Once spores from the outside are introduced to an indoor environment, regardless of vehicle, there are many factors that will influence their survival and multiplication, including temperature, moisture and substrate availability. Aside from these, there are many building-related factors that may influence the fungal presence in indoor air and it is important to understand them in order to reduce human exposure and the related health risks [33,34].

For scenarios where water related damages or visible mold are not an issue, the presence of carpets in floors and/or walls is a factor well known for its positive correlation with higher fungal concentration [35,36], thus it is not surprising to find a significantly higher concentration of fungi in rooms where carpet is present in this study.

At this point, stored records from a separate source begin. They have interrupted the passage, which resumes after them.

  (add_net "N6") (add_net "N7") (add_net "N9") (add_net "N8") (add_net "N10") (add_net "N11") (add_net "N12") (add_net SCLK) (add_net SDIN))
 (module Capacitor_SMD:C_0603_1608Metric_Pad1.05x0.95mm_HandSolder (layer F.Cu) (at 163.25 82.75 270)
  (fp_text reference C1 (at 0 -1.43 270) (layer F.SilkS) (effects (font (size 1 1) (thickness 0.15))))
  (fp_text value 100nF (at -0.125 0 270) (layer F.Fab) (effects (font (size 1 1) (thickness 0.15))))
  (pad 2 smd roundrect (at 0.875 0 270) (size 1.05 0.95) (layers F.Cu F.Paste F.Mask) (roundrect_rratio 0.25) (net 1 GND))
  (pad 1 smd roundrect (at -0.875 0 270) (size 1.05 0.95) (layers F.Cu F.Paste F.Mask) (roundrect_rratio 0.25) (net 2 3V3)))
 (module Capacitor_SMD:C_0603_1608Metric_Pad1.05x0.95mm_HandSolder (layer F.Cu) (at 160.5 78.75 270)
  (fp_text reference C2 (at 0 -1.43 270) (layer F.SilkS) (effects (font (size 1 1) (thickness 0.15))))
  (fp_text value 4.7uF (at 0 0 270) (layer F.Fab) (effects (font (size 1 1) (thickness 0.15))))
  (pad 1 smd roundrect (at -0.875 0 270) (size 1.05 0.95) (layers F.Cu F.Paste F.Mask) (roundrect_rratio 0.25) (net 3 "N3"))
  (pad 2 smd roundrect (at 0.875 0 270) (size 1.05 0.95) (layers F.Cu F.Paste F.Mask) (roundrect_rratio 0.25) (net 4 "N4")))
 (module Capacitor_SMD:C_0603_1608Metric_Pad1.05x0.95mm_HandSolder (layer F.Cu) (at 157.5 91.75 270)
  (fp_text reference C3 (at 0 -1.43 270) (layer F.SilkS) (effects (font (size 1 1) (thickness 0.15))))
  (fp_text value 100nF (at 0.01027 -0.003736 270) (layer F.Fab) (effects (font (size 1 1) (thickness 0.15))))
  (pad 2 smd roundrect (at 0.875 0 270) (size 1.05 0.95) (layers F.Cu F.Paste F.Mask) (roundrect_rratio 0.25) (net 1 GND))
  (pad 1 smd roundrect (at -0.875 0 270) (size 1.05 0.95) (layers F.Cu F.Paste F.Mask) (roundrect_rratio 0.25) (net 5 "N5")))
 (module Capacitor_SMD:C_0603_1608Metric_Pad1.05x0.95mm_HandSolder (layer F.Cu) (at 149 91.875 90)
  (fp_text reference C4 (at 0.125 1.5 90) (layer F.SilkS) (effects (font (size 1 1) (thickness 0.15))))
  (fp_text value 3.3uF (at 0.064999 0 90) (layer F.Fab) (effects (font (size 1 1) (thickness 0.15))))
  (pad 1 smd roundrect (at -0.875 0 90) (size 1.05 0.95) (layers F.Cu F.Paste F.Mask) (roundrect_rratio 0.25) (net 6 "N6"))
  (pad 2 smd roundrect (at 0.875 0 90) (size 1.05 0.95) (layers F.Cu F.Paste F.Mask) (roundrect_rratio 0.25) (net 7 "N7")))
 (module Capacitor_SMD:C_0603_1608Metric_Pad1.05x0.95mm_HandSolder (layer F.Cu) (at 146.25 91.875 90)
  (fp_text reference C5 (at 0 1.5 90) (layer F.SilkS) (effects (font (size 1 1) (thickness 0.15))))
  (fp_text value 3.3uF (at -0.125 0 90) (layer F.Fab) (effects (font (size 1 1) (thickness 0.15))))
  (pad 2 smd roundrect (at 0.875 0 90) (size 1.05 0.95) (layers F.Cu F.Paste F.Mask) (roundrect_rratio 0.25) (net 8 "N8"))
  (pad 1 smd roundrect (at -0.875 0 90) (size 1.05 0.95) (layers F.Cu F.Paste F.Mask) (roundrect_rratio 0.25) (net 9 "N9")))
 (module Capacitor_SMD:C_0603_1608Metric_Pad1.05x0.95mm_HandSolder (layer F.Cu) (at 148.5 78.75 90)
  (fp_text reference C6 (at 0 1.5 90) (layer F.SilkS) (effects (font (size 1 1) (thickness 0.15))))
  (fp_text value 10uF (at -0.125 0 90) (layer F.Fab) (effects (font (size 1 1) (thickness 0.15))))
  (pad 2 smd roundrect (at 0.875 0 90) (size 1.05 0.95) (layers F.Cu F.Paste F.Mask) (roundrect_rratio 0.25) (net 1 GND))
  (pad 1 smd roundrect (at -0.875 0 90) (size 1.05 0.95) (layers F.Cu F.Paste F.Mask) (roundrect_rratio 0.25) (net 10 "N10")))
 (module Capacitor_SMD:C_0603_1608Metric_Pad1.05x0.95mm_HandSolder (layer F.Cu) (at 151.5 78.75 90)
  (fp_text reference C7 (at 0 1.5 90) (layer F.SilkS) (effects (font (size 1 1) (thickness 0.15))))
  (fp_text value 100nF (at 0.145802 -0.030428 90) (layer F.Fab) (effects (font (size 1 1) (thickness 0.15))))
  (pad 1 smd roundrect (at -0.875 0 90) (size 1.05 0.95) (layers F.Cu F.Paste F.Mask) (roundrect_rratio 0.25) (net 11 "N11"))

Human activity inside a closed space is a factor of variation in fungal concentration, even with a difference of hours [37]. Because of this, a difference between the concentration in cleaned and not cleaned rooms was expected, considering the activity generated by the housekeeping procedures. The difference found was not statistically significant and showed that despite recent human activity in them, cleaned rooms showed an overall trend towards a lower fungal concentration. On the other hand, a clear correlation can be made for the trends found between the method for room assignment and fungal concentration. This could be simply caused by the increased activity in those rooms, comprising more people coming and going with the consequent increase in dust [38].

The most surprising finding was the difference found between rooms with one and two beds; previous reports have not addressed something as specific and have even concluded that fungi in air cannot be reliably predicted by home characteristics [39,40]. It has been shown that mattresses along with carpets in non-problem dwellings and without moisture damage can provide a habitat with enough moisture to support fungal growth despite the lack of an obvious moisture source [41]. Based on this, having two beds vs. one bed allows for an increased surface for particle deposition/multiplication, which would explain a higher fungal concentration in air, especially if the room has the same dimensions. Two beds would suppose a higher human activity, which would result in more particles resuspended. If our results are supported by further studies, the number of beds become highly relevant not only for hotels but for homes and hospitals as well, in the prediction of fungal presence in air. These findings could be useful in updating protocols for cleaning or sanitization, or designing new protocols aiming for more efficient strategies that consider room characteristics. The detailed data we collected can be found in supplements material.